[Provided records Boundary: Start]

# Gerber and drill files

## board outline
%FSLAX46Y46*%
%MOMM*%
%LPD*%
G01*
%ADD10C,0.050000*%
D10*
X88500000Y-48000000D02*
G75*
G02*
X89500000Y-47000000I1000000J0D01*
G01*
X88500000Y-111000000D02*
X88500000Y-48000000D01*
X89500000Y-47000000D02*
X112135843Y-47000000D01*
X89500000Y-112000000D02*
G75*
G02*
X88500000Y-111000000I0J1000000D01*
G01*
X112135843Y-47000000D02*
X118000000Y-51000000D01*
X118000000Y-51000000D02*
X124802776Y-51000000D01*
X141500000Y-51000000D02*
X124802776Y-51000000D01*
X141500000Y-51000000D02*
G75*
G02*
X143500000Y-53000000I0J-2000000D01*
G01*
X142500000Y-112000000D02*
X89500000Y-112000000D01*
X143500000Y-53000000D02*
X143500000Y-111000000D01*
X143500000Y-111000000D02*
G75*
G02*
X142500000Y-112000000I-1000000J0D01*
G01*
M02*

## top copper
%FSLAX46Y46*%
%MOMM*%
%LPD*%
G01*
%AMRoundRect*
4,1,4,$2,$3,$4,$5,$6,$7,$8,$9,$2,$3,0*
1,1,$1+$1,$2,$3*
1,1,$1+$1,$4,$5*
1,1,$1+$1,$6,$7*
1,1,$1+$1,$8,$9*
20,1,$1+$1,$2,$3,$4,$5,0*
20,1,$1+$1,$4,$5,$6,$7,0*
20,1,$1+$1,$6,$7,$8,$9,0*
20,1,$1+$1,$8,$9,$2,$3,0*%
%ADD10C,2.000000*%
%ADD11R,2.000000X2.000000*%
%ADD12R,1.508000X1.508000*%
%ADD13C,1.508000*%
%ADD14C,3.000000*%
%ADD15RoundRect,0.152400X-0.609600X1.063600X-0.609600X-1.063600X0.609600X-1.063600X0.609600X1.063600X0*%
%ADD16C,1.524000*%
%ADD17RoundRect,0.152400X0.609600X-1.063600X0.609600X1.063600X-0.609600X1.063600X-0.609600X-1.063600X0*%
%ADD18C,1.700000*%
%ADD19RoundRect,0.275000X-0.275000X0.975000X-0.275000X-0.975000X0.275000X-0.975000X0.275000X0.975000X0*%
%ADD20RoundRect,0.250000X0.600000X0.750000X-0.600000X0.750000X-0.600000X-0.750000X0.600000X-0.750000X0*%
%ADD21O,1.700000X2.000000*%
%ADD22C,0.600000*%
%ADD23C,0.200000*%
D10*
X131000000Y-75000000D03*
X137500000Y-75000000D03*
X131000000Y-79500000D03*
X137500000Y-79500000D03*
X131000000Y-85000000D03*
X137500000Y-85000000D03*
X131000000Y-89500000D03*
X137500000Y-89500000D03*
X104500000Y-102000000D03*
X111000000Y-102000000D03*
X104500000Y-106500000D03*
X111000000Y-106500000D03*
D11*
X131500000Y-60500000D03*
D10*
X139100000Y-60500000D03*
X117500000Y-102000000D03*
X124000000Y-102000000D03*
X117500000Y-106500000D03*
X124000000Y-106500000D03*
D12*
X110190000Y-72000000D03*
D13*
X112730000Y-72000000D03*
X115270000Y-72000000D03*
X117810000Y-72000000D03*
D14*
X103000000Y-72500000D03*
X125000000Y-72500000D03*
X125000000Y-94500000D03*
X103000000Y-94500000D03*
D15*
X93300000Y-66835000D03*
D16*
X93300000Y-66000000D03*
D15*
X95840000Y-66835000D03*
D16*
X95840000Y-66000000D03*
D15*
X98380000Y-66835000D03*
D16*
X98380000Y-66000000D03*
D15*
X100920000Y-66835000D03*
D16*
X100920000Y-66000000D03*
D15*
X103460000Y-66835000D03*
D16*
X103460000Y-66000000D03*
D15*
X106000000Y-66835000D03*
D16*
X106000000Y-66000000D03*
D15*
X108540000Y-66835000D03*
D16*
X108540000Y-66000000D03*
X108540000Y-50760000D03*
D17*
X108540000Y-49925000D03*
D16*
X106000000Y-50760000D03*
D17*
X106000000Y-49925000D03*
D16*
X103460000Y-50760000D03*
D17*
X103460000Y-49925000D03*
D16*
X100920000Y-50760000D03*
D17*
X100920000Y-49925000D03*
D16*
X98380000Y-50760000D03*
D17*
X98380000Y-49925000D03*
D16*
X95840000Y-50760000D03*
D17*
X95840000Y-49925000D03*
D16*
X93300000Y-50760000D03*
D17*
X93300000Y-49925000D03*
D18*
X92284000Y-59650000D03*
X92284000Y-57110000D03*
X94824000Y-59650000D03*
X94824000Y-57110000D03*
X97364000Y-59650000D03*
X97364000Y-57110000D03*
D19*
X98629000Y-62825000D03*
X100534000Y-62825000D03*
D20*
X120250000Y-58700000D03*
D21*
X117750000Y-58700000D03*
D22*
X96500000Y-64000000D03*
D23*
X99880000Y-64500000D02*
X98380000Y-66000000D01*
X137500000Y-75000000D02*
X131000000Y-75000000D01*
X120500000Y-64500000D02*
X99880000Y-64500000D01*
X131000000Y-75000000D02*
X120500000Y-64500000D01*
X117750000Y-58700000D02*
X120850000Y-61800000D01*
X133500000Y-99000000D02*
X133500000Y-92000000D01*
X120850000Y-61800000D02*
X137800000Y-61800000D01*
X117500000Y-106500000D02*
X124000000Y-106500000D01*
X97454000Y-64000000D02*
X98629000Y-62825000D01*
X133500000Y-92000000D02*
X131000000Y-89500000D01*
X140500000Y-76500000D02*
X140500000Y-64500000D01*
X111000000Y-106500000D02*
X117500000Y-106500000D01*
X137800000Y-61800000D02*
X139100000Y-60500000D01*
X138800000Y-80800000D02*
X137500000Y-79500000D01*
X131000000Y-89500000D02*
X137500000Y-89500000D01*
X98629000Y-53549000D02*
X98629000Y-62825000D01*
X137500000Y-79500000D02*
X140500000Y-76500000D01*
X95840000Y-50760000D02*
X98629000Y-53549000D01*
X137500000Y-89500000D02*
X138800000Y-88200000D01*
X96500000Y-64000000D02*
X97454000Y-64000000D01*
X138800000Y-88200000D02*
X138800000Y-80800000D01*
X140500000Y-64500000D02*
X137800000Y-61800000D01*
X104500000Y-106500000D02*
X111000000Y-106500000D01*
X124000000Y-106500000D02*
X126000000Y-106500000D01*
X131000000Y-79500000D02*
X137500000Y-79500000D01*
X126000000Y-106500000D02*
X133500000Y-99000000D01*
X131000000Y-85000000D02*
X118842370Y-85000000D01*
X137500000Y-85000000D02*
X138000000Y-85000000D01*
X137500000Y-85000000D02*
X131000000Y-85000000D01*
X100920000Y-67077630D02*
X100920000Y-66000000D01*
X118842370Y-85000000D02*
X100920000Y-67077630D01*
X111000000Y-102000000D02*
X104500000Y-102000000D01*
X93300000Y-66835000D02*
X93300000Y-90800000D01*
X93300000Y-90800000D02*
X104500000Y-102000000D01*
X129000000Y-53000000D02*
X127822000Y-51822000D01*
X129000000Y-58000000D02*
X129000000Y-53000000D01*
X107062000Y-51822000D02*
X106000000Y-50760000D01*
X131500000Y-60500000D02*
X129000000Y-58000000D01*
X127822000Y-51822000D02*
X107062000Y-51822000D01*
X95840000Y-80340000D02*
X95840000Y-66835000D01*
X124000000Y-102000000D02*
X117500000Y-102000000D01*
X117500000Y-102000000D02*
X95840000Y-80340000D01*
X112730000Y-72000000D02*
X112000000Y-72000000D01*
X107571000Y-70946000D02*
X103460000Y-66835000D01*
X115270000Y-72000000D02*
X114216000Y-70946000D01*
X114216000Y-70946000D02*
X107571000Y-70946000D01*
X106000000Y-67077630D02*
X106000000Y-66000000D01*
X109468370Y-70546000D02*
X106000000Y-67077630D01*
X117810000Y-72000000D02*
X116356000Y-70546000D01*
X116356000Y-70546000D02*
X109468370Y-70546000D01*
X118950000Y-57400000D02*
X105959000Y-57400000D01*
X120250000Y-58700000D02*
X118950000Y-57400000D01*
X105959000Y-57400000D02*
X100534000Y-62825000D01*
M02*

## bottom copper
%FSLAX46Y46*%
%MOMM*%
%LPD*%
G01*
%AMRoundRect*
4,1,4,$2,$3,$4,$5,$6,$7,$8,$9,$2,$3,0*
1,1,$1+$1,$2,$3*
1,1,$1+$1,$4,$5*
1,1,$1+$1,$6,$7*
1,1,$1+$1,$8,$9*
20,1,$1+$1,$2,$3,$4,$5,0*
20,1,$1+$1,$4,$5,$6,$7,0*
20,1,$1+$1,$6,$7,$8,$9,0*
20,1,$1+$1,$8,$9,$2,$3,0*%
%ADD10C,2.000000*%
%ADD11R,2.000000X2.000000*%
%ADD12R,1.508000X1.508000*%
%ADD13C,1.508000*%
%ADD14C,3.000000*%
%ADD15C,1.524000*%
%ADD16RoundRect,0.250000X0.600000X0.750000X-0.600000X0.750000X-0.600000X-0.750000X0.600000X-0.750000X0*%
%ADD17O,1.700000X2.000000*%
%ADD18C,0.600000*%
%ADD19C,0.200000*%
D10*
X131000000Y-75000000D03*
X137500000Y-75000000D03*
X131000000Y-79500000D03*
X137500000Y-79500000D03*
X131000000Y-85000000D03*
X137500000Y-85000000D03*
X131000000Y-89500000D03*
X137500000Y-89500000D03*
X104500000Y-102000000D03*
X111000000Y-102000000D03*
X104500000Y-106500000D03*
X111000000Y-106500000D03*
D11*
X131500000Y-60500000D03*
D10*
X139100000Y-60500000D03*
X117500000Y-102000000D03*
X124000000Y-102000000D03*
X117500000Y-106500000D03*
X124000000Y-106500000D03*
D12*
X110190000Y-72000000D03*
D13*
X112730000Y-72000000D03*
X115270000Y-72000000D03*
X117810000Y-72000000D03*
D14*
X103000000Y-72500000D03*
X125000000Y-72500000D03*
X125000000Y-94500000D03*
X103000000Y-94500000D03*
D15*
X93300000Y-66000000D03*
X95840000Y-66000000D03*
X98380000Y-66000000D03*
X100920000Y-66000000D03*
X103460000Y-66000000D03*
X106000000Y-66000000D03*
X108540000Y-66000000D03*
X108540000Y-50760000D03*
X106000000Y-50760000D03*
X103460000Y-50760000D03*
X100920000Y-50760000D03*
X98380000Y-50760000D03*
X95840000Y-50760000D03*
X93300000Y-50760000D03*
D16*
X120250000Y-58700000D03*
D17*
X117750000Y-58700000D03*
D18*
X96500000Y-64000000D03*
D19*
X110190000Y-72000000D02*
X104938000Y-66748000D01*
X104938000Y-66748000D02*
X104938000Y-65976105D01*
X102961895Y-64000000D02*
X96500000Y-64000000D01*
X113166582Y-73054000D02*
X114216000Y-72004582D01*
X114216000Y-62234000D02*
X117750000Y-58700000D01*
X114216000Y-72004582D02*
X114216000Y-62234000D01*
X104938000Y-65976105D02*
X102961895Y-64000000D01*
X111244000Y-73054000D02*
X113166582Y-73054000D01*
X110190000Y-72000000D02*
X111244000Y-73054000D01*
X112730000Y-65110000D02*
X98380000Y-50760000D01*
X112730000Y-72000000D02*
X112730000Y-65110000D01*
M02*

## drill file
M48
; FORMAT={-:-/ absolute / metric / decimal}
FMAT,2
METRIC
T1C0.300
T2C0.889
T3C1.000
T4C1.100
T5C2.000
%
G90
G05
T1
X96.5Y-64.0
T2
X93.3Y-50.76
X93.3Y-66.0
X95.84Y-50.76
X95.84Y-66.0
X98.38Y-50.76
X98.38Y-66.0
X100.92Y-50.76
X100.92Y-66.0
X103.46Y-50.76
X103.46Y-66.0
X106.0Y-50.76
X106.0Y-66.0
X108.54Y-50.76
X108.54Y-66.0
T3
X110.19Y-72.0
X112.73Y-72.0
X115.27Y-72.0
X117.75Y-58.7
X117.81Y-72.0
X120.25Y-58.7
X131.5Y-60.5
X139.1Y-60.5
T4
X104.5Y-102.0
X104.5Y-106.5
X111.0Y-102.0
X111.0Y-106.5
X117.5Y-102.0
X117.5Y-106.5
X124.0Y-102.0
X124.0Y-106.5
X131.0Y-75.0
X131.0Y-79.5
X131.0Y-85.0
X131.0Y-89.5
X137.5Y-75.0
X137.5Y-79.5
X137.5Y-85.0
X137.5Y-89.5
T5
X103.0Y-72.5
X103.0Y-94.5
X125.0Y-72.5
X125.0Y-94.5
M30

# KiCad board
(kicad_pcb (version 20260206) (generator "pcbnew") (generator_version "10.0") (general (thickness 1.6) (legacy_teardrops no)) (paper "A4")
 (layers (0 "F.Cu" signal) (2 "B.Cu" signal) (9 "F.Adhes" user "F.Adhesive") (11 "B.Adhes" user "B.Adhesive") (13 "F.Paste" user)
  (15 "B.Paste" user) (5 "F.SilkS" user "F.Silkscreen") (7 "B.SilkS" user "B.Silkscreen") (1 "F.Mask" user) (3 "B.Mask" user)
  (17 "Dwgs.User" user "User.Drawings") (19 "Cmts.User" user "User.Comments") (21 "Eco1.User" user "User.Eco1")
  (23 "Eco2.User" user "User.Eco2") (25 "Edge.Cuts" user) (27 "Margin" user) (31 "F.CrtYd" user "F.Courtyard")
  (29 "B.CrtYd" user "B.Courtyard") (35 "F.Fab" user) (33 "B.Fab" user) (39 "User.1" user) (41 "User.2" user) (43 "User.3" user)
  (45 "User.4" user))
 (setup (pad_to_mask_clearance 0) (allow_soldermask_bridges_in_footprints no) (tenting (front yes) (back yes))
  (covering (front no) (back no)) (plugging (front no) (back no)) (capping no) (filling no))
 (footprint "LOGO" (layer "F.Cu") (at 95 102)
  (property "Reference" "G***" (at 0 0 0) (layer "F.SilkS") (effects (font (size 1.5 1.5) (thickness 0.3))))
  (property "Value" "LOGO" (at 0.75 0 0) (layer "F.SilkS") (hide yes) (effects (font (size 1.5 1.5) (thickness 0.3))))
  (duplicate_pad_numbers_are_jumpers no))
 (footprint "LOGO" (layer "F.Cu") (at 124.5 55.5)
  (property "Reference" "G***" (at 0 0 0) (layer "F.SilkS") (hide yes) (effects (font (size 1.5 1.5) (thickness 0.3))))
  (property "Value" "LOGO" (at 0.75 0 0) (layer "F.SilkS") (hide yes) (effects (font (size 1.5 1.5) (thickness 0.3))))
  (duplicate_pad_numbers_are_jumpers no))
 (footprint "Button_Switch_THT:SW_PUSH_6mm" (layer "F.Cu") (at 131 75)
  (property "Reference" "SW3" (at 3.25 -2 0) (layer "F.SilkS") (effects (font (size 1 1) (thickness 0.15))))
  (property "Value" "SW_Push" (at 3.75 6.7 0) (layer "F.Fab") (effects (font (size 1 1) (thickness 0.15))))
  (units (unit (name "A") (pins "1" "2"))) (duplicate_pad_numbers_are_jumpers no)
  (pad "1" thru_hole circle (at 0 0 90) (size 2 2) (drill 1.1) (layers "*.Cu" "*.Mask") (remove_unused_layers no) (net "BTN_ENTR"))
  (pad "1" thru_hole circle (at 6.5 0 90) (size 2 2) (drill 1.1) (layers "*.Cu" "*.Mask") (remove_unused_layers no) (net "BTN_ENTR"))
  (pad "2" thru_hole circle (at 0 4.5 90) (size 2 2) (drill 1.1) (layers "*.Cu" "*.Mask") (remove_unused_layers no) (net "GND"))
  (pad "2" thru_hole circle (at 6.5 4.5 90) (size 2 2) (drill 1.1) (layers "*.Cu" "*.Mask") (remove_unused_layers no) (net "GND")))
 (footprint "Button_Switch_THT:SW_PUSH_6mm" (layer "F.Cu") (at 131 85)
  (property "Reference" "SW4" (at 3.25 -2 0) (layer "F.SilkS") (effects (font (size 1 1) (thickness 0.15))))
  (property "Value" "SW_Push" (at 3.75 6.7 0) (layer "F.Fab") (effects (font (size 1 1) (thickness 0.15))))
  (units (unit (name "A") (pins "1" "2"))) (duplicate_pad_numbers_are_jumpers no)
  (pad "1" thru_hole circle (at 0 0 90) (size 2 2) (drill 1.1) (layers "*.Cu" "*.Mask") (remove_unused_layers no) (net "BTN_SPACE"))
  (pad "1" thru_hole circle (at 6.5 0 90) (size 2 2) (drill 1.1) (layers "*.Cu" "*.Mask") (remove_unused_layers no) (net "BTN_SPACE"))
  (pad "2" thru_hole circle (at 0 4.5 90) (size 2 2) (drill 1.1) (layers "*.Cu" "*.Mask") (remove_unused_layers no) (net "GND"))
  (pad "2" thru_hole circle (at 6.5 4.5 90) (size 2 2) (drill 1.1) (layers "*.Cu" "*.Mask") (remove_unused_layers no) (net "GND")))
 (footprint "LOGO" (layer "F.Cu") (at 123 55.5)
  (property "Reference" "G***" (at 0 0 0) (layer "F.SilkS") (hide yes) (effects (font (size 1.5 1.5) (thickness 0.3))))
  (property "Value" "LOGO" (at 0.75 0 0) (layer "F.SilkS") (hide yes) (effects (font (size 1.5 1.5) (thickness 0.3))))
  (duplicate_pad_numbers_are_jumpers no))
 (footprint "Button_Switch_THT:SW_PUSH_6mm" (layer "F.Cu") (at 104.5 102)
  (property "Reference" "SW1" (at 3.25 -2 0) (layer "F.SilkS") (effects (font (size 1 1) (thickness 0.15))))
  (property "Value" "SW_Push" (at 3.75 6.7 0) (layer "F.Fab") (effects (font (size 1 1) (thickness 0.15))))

[Provided records Boundary: End]

_Task requirements_. The string "back" appears in how many lines above? Answer with the number only.

_Expected answer_. 2